Your answer should consist only of the lines from the line containing "circle (at -2.54" through the last line below, each repeated exactly.

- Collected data
⁂
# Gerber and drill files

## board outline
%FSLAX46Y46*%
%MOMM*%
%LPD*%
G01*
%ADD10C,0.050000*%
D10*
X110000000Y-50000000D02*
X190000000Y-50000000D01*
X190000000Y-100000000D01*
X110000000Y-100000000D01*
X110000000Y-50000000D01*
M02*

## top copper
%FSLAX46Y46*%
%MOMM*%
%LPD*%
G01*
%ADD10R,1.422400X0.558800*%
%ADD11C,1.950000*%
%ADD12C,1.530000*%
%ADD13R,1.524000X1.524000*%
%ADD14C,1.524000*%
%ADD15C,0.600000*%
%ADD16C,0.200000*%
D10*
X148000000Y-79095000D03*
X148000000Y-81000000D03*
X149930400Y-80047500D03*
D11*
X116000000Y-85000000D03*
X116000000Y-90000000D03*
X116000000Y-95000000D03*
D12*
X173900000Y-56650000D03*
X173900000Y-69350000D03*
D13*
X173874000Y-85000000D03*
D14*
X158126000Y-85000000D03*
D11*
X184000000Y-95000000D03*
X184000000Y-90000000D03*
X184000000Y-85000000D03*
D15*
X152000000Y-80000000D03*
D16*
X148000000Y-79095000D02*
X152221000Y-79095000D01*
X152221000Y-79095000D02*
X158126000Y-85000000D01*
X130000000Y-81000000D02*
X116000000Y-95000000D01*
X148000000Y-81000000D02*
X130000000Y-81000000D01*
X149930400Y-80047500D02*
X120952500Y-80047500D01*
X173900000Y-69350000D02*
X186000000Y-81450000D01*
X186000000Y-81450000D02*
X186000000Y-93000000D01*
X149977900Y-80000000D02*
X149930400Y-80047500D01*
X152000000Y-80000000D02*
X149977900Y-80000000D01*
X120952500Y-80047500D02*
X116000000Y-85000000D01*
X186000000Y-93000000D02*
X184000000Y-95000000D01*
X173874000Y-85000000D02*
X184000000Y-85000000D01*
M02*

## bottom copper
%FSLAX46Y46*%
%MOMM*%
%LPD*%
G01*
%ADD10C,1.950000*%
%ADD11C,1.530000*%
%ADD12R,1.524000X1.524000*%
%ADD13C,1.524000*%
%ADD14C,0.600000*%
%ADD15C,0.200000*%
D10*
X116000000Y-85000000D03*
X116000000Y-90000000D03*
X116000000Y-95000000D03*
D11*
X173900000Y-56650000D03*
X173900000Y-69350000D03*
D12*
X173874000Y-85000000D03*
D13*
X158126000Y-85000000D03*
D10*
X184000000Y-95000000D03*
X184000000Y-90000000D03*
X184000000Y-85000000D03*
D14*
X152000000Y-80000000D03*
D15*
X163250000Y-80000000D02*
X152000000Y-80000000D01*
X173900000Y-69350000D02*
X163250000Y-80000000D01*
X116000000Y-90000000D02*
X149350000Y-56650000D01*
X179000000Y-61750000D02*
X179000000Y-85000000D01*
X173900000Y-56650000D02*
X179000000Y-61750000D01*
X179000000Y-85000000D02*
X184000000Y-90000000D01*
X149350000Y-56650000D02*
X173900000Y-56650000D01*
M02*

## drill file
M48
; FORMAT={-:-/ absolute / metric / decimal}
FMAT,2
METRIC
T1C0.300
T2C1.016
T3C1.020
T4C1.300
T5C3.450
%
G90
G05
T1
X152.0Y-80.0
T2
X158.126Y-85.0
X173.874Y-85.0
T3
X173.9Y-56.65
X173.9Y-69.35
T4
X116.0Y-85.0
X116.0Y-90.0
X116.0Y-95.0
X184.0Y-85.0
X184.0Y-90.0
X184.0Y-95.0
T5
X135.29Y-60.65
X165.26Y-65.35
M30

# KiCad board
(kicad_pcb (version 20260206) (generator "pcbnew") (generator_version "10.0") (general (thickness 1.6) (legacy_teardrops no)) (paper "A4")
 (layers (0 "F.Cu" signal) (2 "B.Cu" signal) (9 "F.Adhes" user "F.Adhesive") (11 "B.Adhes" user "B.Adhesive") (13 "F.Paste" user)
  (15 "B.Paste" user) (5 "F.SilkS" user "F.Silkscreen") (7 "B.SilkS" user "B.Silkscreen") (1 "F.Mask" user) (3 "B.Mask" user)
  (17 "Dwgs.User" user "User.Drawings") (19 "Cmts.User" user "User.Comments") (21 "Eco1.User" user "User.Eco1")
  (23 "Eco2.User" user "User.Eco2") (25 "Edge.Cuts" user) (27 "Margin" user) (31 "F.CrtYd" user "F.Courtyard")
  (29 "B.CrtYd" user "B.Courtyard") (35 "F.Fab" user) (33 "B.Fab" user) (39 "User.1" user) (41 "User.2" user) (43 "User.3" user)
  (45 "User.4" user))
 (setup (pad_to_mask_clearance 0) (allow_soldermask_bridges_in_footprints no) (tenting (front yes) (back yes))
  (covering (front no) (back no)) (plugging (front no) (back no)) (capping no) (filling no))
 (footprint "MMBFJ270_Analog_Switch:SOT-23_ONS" (layer "F.Cu") (at 148.9652 80.0475 -90)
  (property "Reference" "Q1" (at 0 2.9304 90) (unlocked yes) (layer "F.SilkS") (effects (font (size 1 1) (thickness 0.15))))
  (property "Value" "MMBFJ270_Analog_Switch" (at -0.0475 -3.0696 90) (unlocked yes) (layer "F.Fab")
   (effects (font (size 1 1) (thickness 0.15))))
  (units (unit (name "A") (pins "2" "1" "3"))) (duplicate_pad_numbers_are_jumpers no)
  (pad "1" smd rect (at -0.9525 0.9652 270) (size 0.5588 1.4224) (layers "F.Cu" "F.Mask" "F.Paste") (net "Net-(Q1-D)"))
  (pad "2" smd rect (at 0.9525 0.9652 270) (size 0.5588 1.4224) (layers "F.Cu" "F.Mask" "F.Paste") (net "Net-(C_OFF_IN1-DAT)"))
  (pad "3" smd rect (at 0 -0.9652 270) (size 0.5588 1.4224) (layers "F.Cu" "F.Mask" "F.Paste") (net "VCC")))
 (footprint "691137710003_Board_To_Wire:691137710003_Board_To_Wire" (layer "F.Cu") (at 116 90 -90)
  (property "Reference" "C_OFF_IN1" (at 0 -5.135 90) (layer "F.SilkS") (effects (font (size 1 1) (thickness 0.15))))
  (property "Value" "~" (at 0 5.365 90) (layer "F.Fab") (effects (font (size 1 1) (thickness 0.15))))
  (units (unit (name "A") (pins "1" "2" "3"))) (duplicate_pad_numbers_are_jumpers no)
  (pad "1" thru_hole circle (at -5 0 270) (size 1.95 1.95) (drill 1.3) (layers "*.Cu" "*.Mask") (remove_unused_layers no) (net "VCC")
   (solder_mask_margin 0.102))
  (pad "2" thru_hole circle (at 0 0 270) (size 1.95 1.95) (drill 1.3) (layers "*.Cu" "*.Mask") (remove_unused_layers no) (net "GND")
   (solder_mask_margin 0.102))
  (pad "3" thru_hole circle (at 5 0 270) (size 1.95 1.95) (drill 1.3) (layers "*.Cu" "*.Mask") (remove_unused_layers no)
   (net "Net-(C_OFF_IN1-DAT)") (solder_mask_margin 0.102)))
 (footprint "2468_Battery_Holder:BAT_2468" (layer "F.Cu") (at 150 63)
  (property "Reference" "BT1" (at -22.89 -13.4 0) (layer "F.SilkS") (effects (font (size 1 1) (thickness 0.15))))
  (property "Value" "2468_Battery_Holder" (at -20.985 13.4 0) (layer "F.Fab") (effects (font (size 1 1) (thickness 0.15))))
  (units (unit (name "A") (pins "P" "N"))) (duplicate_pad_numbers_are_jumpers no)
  (pad "" np_thru_hole circle (at -14.71 -2.35) (size 3.45 3.45) (drill 3.45) (layers "*.Cu" "*.Mask"))
  (pad "" np_thru_hole circle (at 15.26 2.35) (size 3.45 3.45) (drill 3.45) (layers "*.Cu" "*.Mask"))
  (pad "N" thru_hole circle (at 23.9 -6.35) (size 1.53 1.53) (drill 1.02) (layers "*.Cu" "*.Mask") (remove_unused_layers no) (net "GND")
   (solder_mask_margin 0.102))
  (pad "P" thru_hole circle (at 23.9 6.35) (size 1.53 1.53) (drill 1.02) (layers "*.Cu" "*.Mask") (remove_unused_layers no) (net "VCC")
   (solder_mask_margin 0.102)))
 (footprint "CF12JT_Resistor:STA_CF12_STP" (layer "F.Cu") (at 173.874 85 180)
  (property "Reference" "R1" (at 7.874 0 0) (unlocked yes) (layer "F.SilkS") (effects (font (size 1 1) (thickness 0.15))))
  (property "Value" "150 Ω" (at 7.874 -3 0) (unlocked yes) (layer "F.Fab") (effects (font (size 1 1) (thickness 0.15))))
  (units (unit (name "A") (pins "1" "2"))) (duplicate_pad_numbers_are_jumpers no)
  (pad "1" thru_hole rect (at 0 0 180) (size 1.524 1.524) (drill 1.016) (layers "*.Cu" "*.Mask") (remove_unused_layers no)
   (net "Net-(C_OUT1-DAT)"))
  (pad "2" thru_hole circle (at 15.748 0 180) (size 1.524 1.524) (drill 1.016) (layers "*.Cu" "*.Mask") (remove_unused_layers no)
   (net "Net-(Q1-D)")))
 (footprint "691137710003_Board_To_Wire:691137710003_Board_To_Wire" (layer "F.Cu") (at 184 90 90)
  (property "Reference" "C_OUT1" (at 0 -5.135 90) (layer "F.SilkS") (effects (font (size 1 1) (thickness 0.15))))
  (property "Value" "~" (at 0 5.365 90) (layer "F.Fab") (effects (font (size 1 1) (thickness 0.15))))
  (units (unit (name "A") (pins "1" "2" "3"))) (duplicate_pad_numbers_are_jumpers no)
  (pad "1" thru_hole circle (at -5 0 90) (size 1.95 1.95) (drill 1.3) (layers "*.Cu" "*.Mask") (remove_unused_layers no) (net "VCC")
   (solder_mask_margin 0.102))
  (pad "2" thru_hole circle (at 0 0 90) (size 1.95 1.95) (drill 1.3) (layers "*.Cu" "*.Mask") (remove_unused_layers no) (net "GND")
   (solder_mask_margin 0.102))
  (pad "3" thru_hole circle (at 5 0 90) (size 1.95 1.95) (drill 1.3) (layers "*.Cu" "*.Mask") (remove_unused_layers no)
   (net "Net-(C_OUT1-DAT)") (solder_mask_margin 0.102)))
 (gr_rect (start 110 50) (end 190 100) (stroke (width 0.05) (type default)) (fill no) (layer "Edge.Cuts"))
 (segment (start 148 79.095) (end 152.221 79.095) (width 0.2) (layer "F.Cu") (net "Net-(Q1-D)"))
 (segment (start 152.221 79.095) (end 158.126 85) (width 0.2) (layer "F.Cu") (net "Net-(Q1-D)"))
 (segment (start 130 81) (end 116 95) (width 0.2) (layer "F.Cu") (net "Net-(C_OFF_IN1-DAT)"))
 (segment (start 148 81) (end 130 81) (width 0.2) (layer "F.Cu") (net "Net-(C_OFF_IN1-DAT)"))
 (segment (start 149.9304 80.0475) (end 120.9525 80.0475) (width 0.2) (layer "F.Cu") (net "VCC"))
 (segment (start 173.9 69.35) (end 186 81.45) (width 0.2) (layer "F.Cu") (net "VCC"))
 (segment (start 186 81.45) (end 186 93) (width 0.2) (layer "F.Cu") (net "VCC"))
 (segment (start 149.9779 80) (end 149.9304 80.0475) (width 0.2) (layer "F.Cu") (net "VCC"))
 (segment (start 152 80) (end 149.9779 80) (width 0.2) (layer "F.Cu") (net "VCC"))
 (segment (start 120.9525 80.0475) (end 116 85) (width 0.2) (layer "F.Cu") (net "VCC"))
 (segment (start 186 93) (end 184 95) (width 0.2) (layer "F.Cu") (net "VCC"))
 (via (at 152 80) (size 0.6) (drill 0.3) (layers "F.Cu" "B.Cu") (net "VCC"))
 (segment (start 163.25 80) (end 152 80) (width 0.2) (layer "B.Cu") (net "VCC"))
 (segment (start 173.9 69.35) (end 163.25 80) (width 0.2) (layer "B.Cu") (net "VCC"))
 (segment (start 116 90) (end 149.35 56.65) (width 0.2) (layer "B.Cu") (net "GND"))
 (segment (start 179 61.75) (end 179 85) (width 0.2) (layer "B.Cu") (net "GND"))
 (segment (start 173.9 56.65) (end 179 61.75) (width 0.2) (layer "B.Cu") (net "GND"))
 (segment (start 179 85) (end 184 90) (width 0.2) (layer "B.Cu") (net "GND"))
 (segment (start 149.35 56.65) (end 173.9 56.65) (width 0.2) (layer "B.Cu") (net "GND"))
 (segment (start 173.874 85) (end 184 85) (width 0.2) (layer "F.Cu") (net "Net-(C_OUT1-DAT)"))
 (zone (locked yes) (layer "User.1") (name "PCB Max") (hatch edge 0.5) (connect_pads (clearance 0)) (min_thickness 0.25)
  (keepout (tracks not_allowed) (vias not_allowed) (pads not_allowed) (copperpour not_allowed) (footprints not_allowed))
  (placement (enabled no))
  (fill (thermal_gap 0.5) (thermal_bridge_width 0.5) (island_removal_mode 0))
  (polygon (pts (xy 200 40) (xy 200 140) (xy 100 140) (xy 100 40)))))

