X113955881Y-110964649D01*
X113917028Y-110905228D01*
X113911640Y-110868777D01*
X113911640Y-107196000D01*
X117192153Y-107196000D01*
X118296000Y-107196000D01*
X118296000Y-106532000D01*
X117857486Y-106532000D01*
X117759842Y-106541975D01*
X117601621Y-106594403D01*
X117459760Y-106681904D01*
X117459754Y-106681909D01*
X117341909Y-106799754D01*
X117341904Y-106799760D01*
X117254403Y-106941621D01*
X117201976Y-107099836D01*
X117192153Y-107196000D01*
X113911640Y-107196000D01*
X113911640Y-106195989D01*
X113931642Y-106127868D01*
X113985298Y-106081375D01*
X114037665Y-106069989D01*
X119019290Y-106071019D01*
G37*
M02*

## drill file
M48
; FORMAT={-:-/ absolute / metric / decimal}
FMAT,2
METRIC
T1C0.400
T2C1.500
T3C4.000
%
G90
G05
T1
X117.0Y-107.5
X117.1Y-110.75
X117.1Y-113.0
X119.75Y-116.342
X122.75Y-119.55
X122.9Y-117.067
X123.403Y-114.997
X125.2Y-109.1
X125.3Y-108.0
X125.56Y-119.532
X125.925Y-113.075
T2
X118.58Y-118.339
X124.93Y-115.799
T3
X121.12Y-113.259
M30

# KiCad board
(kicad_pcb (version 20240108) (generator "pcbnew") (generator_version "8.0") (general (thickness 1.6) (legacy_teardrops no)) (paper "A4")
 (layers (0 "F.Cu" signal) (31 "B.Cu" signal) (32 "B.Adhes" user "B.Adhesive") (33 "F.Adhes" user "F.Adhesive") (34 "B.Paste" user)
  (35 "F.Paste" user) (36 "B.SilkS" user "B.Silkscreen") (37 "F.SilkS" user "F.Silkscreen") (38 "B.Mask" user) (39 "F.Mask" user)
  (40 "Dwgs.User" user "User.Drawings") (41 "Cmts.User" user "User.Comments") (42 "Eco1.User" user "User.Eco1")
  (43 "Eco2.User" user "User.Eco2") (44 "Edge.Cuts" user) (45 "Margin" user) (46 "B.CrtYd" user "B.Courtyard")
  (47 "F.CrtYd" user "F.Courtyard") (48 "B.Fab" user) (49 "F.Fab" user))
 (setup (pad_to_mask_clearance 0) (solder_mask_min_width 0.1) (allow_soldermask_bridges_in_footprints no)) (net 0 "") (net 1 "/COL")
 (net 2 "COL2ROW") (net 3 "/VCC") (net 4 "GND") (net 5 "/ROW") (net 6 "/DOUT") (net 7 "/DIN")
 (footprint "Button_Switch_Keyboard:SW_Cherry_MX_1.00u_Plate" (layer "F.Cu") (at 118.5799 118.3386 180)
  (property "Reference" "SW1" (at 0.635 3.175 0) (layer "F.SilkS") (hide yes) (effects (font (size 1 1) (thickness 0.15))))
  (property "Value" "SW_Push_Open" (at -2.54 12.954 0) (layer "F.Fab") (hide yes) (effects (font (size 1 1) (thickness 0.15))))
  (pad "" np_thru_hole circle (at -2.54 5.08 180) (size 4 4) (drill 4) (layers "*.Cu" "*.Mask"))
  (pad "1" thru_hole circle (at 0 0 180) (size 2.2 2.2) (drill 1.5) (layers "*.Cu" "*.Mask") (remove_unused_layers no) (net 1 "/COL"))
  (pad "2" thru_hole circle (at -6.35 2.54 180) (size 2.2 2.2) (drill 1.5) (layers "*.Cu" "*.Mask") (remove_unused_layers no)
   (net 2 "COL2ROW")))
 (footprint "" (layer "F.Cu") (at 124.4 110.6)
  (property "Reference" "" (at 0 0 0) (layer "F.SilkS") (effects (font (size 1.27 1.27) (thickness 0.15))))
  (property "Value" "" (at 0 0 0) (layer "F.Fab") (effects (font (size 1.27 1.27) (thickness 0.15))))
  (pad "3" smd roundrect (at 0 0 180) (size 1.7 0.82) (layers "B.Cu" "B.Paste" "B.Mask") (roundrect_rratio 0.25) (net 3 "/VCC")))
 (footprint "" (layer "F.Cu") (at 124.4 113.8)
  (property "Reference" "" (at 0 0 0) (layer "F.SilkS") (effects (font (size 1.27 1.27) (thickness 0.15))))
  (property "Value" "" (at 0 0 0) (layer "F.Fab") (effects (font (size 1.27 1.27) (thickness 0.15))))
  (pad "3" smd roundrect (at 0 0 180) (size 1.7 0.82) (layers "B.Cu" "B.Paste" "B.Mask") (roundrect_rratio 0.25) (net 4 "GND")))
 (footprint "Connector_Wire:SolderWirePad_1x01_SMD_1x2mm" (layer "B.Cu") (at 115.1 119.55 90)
⁂
- Response below
  (pad "" np_thru_hole circle (at -2.54 5.08 180) (size 4 4) (drill 4) (layers "*.Cu" "*.Mask"))
  (pad "1" thru_hole circle (at 0 0 180) (size 2.2 2.2) (drill 1.5) (layers "*.Cu" "*.Mask") (remove_unused_layers no) (net 1 "/COL"))
  (pad "2" thru_hole circle (at -6.35 2.54 180) (size 2.2 2.2) (drill 1.5) (layers "*.Cu" "*.Mask") (remove_unused_layers no)
   (net 2 "COL2ROW")))
 (footprint "" (layer "F.Cu") (at 124.4 110.6)
  (property "Reference" "" (at 0 0 0) (layer "F.SilkS") (effects (font (size 1.27 1.27) (thickness 0.15))))
  (property "Value" "" (at 0 0 0) (layer "F.Fab") (effects (font (size 1.27 1.27) (thickness 0.15))))
  (pad "3" smd roundrect (at 0 0 180) (size 1.7 0.82) (layers "B.Cu" "B.Paste" "B.Mask") (roundrect_rratio 0.25) (net 3 "/VCC")))
 (footprint "" (layer "F.Cu") (at 124.4 113.8)
  (property "Reference" "" (at 0 0 0) (layer "F.SilkS") (effects (font (size 1.27 1.27) (thickness 0.15))))
  (property "Value" "" (at 0 0 0) (layer "F.Fab") (effects (font (size 1.27 1.27) (thickness 0.15))))
  (pad "3" smd roundrect (at 0 0 180) (size 1.7 0.82) (layers "B.Cu" "B.Paste" "B.Mask") (roundrect_rratio 0.25) (net 4 "GND")))
 (footprint "Connector_Wire:SolderWirePad_1x01_SMD_1x2mm" (layer "B.Cu") (at 115.1 119.55 90)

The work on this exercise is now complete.